» **Task requirements**
Scan the records for "front". Show the matching lines.

» **Records excerpted from a collection**
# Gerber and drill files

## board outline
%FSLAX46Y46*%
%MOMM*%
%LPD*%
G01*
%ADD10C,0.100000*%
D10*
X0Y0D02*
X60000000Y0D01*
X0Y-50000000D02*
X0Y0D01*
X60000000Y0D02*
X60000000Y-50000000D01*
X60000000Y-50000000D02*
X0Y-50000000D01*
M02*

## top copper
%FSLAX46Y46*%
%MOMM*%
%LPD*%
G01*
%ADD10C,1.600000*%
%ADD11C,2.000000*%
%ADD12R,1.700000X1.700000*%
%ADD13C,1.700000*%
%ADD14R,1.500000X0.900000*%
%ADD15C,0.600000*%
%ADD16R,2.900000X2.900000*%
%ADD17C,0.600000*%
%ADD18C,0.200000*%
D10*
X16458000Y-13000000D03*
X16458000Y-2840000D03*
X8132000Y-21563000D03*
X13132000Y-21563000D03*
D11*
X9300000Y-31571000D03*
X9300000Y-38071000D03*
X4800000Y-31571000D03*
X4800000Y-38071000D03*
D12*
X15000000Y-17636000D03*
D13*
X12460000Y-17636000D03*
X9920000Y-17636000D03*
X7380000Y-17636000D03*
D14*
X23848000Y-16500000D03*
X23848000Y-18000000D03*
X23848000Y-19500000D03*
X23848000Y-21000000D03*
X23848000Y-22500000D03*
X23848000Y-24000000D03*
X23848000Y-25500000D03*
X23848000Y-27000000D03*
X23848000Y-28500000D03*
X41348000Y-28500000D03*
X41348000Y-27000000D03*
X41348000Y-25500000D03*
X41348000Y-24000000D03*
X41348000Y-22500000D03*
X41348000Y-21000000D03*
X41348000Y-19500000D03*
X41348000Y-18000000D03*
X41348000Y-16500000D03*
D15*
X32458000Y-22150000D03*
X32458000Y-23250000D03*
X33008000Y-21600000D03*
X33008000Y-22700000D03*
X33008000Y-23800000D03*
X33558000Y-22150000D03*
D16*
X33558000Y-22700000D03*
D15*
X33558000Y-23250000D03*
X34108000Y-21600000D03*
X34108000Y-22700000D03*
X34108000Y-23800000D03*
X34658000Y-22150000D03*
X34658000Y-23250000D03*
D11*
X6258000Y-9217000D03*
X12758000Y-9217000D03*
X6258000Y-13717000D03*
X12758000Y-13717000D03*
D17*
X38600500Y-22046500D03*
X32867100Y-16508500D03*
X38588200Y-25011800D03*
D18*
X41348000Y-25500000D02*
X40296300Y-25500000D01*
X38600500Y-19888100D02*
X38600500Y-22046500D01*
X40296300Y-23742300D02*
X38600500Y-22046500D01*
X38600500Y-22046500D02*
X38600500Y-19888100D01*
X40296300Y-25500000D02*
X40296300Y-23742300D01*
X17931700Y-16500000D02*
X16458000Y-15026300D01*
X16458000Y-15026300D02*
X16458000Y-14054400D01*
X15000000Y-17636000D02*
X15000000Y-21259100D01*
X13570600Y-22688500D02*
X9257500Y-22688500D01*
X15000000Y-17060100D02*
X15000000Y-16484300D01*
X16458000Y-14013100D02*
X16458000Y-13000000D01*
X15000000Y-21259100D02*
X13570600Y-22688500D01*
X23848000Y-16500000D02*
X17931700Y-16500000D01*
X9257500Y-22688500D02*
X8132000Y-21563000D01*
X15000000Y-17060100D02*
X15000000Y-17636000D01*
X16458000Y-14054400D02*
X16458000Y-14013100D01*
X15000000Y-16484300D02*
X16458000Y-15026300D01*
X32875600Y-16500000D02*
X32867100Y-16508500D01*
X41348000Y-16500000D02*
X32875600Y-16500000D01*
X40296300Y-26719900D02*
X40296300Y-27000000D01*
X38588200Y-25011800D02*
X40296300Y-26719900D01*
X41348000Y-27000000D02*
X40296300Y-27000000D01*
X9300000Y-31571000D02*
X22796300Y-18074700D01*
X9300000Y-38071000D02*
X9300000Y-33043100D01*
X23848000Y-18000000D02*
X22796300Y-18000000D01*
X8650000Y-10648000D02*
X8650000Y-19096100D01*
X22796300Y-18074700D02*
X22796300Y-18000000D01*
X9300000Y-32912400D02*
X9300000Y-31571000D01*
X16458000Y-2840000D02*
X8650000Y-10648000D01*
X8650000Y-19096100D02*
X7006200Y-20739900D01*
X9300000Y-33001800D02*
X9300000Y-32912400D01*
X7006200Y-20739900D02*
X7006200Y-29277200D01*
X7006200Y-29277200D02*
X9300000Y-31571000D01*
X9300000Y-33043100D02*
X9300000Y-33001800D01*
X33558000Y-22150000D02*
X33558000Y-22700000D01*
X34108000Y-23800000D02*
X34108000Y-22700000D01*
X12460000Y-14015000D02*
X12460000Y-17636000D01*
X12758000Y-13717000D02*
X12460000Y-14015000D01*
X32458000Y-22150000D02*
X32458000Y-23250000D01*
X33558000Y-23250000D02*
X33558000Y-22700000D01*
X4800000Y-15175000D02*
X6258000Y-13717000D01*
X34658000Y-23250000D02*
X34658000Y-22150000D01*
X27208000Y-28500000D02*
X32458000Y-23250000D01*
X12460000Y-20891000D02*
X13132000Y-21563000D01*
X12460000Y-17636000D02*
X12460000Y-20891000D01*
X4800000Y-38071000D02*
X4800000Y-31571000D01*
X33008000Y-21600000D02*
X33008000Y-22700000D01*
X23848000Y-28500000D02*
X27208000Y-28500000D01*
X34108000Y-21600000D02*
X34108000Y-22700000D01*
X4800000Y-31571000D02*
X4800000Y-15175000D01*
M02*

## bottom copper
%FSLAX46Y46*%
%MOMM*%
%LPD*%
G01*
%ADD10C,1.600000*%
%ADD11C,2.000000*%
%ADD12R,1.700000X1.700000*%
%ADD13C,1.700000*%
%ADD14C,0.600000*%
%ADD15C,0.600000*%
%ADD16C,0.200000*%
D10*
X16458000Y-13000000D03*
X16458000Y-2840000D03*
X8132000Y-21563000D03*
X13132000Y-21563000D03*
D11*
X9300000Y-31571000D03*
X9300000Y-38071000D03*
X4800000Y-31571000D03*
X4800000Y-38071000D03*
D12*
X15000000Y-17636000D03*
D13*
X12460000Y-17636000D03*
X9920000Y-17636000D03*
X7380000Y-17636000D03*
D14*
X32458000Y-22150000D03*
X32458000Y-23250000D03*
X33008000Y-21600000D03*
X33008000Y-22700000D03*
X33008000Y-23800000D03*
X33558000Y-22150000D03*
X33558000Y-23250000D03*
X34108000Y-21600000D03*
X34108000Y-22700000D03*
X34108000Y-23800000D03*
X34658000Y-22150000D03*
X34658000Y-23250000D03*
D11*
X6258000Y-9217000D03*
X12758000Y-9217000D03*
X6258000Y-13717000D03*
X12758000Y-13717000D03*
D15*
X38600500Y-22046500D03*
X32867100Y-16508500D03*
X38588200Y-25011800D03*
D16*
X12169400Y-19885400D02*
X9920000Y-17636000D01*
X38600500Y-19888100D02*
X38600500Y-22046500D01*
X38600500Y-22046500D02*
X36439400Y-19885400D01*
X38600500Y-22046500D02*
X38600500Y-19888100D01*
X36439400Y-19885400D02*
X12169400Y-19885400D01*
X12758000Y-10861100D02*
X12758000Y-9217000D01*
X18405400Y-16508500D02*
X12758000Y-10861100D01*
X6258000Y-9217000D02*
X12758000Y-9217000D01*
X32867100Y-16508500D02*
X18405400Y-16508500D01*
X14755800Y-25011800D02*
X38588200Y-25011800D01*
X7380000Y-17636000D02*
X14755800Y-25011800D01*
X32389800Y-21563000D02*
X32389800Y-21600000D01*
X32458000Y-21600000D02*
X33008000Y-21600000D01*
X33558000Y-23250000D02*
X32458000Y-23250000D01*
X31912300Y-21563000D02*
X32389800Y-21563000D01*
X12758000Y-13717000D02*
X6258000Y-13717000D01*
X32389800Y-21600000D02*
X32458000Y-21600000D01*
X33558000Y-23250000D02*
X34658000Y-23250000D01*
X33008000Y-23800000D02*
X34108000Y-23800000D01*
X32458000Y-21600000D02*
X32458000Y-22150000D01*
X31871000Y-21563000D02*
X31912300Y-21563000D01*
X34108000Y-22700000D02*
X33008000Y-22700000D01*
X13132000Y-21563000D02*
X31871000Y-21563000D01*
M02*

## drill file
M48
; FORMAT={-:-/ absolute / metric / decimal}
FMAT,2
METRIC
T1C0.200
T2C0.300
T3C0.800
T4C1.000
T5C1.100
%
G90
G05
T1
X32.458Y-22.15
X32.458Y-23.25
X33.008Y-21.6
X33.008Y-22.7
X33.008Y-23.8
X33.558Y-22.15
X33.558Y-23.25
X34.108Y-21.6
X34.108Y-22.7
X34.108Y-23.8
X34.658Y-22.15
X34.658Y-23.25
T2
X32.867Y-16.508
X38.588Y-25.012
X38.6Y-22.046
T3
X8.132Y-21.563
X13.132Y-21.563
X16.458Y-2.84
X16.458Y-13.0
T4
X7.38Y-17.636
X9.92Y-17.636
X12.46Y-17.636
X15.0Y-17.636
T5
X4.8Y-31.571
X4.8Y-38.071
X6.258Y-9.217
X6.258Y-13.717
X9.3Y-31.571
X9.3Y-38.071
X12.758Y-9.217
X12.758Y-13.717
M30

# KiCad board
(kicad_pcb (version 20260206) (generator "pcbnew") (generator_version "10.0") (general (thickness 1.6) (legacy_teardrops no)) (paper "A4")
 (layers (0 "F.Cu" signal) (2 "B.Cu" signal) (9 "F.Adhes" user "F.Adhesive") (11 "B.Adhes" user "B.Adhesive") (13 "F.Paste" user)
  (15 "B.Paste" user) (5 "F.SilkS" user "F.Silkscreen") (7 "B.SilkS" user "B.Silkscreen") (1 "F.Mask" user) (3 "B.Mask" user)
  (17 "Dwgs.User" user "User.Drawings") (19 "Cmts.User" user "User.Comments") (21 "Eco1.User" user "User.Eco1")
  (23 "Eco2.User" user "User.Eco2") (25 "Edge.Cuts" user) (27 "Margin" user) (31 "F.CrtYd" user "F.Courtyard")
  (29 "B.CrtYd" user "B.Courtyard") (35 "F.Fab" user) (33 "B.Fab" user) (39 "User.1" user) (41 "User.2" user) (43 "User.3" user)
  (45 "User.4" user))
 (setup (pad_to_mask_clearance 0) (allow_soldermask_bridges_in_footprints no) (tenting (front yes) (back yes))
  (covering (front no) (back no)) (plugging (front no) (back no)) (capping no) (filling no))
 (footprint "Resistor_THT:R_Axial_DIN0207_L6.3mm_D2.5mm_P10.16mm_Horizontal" (layer "F.Cu") (at 16.458 13 90)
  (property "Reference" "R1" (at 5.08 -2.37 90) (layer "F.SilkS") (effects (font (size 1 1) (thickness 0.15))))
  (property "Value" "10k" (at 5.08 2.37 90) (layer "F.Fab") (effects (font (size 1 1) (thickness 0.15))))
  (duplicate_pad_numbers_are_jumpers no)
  (pad "1" thru_hole circle (at 0 0 90) (size 1.6 1.6) (drill 0.8) (layers "*.Cu" "*.Mask") (remove_unused_layers no) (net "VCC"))
  (pad "2" thru_hole circle (at 10.16 0 90) (size 1.6 1.6) (drill 0.8) (layers "*.Cu" "*.Mask") (remove_unused_layers no) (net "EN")))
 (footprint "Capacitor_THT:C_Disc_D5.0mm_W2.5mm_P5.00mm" (layer "F.Cu") (at 8.132 21.563)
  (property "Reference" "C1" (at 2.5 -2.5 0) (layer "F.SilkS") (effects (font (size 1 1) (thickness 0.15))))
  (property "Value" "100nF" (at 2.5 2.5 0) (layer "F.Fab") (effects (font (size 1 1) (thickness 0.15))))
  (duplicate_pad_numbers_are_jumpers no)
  (pad "1" thru_hole circle (at 0 0) (size 1.6 1.6) (drill 0.8) (layers "*.Cu" "*.Mask") (remove_unused_layers no) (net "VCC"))
  (pad "2" thru_hole circle (at 5 0) (size 1.6 1.6) (drill 0.8) (layers "*.Cu" "*.Mask") (remove_unused_layers no) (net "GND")))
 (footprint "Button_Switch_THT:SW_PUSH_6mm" (layer "F.Cu") (at 9.3 31.571 -90)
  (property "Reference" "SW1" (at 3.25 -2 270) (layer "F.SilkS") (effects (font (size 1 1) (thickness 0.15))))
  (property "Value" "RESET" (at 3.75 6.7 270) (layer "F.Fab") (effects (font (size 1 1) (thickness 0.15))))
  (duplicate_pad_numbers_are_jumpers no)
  (pad "1" thru_hole circle (at 0 0) (size 2 2) (drill 1.1) (layers "*.Cu" "*.Mask") (remove_unused_layers no) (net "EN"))
  (pad "1" thru_hole circle (at 6.5 0) (size 2 2) (drill 1.1) (layers "*.Cu" "*.Mask") (remove_unused_layers no) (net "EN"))
  (pad "2" thru_hole circle (at 0 4.5) (size 2 2) (drill 1.1) (layers "*.Cu" "*.Mask") (remove_unused_layers no) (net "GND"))
  (pad "2" thru_hole circle (at 6.5 4.5) (size 2 2) (drill 1.1) (layers "*.Cu" "*.Mask") (remove_unused_layers no) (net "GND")))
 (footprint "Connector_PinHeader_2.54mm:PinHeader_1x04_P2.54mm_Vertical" (layer "F.Cu") (at 15 17.636 -90)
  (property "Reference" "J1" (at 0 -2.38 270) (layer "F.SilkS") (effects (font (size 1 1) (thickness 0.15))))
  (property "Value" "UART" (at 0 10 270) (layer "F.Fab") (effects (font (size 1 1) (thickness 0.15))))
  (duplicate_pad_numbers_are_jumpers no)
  (pad "1" thru_hole rect (at 0 0 270) (size 1.7 1.7) (drill 1) (layers "*.Cu" "*.Mask") (remove_unused_layers no) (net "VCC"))
  (pad "2" thru_hole circle (at 0 2.54 270) (size 1.7 1.7) (drill 1) (layers "*.Cu" "*.Mask") (remove_unused_layers no) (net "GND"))
  (pad "3" thru_hole circle (at 0 5.08 270) (size 1.7 1.7) (drill 1) (layers "*.Cu" "*.Mask") (remove_unused_layers no) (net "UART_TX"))
  (pad "4" thru_hole circle (at 0 7.62 270) (size 1.7 1.7) (drill 1) (layers "*.Cu" "*.Mask") (remove_unused_layers no) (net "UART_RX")))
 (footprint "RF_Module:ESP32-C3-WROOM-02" (layer "F.Cu") (at 32.598 22.5)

» **Response**
 (setup (pad_to_mask_clearance 0) (allow_soldermask_bridges_in_footprints no) (tenting (front yes) (back yes))
  (covering (front no) (back no)) (plugging (front no) (back no)) (capping no) (filling no))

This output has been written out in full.